> _Description of the task_:
In the records below, the line with "X12528095Y-16079271D01*" opens the range and the line with "X26258095Y-16337366D01*" closes it; print that range exactly and nothing else.

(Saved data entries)

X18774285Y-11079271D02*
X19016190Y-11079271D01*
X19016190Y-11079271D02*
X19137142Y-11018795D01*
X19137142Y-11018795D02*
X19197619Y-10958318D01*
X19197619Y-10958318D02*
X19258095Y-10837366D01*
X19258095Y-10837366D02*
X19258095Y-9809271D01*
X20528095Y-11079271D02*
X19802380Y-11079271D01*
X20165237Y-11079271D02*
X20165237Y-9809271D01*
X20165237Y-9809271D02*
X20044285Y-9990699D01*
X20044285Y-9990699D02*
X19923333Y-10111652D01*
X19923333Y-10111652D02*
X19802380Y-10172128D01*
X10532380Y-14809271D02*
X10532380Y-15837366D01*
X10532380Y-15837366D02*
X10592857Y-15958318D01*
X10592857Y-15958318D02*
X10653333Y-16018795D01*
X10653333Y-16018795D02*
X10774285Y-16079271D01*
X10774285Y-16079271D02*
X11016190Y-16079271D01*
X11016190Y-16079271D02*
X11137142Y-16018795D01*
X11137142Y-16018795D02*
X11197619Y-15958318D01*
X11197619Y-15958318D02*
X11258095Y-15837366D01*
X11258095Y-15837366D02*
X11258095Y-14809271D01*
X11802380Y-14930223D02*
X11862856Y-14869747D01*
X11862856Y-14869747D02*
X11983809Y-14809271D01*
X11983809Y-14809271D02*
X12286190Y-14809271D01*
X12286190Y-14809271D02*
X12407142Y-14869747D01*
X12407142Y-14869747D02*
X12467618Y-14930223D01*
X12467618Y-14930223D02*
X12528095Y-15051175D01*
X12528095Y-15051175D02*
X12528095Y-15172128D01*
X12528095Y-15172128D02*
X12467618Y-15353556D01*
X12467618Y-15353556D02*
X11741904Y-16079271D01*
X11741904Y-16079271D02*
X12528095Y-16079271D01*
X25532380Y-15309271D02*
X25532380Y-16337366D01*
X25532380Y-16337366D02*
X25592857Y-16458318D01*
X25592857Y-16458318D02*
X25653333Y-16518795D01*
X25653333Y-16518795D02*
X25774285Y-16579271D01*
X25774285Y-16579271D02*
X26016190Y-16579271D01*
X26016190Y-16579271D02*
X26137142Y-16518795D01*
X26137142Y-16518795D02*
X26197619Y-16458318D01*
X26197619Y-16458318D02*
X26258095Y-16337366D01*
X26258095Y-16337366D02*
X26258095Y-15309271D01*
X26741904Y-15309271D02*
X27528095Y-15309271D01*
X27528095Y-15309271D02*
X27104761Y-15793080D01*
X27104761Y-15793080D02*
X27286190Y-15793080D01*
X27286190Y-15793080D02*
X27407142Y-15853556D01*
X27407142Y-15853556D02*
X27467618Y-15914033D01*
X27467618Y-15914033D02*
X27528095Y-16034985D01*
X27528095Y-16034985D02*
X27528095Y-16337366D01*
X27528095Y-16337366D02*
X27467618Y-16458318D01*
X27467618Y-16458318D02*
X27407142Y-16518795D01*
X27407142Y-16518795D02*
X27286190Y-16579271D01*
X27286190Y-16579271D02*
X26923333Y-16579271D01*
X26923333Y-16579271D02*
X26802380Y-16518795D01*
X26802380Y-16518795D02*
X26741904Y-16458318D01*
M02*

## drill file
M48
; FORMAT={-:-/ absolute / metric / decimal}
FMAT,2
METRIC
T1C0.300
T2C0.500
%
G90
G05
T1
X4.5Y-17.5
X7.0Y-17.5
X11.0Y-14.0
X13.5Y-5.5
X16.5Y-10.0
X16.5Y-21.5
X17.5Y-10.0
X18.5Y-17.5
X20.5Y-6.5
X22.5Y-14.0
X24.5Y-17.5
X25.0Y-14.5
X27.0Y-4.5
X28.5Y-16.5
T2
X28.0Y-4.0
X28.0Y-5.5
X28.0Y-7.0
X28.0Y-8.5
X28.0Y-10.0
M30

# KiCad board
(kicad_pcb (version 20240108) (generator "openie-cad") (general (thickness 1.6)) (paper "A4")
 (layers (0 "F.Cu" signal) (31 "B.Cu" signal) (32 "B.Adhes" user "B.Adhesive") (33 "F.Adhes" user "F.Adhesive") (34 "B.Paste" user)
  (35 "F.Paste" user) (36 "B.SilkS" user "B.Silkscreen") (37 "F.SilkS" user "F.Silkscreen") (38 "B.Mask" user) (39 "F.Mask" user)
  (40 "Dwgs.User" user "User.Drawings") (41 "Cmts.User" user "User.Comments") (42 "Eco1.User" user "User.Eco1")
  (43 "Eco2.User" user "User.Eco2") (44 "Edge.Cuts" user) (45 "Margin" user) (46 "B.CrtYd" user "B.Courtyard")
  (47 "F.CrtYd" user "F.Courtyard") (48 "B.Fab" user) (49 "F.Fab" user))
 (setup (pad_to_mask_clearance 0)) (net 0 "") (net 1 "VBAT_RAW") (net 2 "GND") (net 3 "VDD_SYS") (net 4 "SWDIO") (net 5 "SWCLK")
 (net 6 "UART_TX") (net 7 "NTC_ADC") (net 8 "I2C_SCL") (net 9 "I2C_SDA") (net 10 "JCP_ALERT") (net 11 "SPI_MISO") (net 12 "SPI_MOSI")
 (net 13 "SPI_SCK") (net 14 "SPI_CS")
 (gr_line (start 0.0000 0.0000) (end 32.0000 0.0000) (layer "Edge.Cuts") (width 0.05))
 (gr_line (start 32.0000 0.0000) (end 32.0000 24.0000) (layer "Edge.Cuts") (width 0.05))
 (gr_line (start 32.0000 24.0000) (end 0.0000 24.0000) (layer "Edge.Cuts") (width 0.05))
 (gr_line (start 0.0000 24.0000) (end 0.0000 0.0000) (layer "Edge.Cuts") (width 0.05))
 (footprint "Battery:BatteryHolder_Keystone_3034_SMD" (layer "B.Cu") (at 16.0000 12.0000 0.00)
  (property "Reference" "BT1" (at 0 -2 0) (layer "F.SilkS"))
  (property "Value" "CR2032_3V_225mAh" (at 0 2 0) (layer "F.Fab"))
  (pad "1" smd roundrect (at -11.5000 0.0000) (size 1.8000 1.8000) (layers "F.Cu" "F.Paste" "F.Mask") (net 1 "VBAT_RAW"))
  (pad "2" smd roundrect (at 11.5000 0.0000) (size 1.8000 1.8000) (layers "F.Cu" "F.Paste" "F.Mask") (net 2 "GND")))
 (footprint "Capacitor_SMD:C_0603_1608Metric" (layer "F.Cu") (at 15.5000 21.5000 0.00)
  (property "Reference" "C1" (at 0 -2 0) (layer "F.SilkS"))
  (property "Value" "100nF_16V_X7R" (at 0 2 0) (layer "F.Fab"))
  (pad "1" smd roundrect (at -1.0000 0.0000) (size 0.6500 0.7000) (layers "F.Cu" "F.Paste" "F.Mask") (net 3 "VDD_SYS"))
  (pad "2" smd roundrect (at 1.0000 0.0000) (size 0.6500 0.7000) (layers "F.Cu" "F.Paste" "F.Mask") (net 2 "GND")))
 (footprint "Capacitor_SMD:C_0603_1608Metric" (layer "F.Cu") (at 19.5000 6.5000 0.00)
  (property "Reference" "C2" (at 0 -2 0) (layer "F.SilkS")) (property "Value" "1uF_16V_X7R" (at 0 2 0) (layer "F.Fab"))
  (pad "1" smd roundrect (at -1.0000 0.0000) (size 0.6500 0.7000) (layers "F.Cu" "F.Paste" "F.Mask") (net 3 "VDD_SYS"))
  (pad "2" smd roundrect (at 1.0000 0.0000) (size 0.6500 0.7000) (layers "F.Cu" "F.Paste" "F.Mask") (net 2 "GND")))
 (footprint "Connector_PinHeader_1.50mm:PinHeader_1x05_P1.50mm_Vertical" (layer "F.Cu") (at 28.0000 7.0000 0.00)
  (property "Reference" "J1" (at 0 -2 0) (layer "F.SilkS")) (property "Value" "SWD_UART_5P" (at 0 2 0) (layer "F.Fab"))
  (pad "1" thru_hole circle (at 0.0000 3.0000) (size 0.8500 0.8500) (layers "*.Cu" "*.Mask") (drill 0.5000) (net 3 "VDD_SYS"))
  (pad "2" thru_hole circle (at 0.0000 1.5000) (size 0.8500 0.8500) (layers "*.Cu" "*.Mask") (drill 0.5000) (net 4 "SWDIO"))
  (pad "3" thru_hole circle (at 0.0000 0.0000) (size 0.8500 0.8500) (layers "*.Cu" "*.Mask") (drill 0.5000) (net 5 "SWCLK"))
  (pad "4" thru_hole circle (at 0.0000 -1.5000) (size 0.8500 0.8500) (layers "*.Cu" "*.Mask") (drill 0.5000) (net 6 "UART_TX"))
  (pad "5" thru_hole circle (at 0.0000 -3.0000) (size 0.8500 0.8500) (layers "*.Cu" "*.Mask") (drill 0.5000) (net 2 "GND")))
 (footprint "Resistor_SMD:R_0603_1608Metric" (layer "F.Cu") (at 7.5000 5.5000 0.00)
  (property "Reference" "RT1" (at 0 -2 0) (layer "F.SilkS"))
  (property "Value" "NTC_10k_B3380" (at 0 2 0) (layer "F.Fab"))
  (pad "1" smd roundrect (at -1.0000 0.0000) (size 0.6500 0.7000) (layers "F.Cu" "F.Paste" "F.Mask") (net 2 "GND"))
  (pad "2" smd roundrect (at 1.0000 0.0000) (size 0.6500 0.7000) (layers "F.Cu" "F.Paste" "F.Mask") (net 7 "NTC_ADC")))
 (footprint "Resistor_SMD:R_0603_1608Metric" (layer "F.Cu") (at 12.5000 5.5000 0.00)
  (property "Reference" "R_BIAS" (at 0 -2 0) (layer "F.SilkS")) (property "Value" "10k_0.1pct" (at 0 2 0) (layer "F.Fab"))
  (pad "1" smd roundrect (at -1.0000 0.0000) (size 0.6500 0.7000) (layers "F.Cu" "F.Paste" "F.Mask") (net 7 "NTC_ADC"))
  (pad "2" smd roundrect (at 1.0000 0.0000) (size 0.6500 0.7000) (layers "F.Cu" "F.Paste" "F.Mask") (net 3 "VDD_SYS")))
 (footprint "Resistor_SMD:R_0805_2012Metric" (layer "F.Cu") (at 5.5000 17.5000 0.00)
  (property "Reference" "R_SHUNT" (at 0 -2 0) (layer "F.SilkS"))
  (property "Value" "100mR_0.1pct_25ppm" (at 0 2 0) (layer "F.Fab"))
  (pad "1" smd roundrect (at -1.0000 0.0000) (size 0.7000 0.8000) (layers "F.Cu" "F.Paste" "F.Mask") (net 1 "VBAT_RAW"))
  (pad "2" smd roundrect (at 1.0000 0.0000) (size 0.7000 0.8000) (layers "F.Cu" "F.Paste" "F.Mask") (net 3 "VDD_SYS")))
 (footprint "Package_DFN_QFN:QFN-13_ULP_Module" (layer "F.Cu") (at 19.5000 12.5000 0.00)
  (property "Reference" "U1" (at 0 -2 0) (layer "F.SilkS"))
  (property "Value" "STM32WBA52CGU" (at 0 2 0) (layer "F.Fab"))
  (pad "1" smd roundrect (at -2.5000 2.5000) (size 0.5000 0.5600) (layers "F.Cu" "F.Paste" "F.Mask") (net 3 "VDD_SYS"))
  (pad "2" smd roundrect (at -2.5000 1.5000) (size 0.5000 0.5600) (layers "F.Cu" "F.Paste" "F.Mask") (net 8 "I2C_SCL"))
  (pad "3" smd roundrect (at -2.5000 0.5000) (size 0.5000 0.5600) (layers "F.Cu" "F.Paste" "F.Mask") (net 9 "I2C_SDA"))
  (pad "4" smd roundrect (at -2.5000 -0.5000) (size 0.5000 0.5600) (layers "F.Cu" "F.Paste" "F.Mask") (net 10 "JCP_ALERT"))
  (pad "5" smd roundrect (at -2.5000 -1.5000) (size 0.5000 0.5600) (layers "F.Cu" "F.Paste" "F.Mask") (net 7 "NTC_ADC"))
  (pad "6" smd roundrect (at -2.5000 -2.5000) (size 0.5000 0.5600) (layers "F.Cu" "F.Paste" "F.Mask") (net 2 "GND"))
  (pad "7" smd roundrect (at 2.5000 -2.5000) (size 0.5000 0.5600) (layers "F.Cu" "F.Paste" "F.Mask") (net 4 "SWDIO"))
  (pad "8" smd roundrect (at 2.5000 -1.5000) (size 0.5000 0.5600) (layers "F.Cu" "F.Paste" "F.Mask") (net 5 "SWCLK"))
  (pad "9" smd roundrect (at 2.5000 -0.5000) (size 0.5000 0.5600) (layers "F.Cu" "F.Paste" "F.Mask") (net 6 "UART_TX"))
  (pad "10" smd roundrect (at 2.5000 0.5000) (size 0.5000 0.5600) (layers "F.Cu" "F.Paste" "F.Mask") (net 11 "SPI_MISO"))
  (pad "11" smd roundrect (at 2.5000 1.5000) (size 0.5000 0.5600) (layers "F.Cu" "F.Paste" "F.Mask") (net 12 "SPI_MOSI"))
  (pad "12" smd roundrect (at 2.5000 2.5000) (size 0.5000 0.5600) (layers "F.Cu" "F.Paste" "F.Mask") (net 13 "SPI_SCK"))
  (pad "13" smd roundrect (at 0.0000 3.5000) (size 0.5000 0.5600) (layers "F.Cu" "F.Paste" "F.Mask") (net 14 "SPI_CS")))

> _Answer_:
X12528095Y-16079271D01*
X25532380Y-15309271D02*
X25532380Y-16337366D01*
X25532380Y-16337366D02*
X25592857Y-16458318D01*
X25592857Y-16458318D02*
X25653333Y-16518795D01*
X25653333Y-16518795D02*
X25774285Y-16579271D01*
X25774285Y-16579271D02*
X26016190Y-16579271D01*
X26016190Y-16579271D02*
X26137142Y-16518795D01*
X26137142Y-16518795D02*
X26197619Y-16458318D01*
X26197619Y-16458318D02*
X26258095Y-16337366D01*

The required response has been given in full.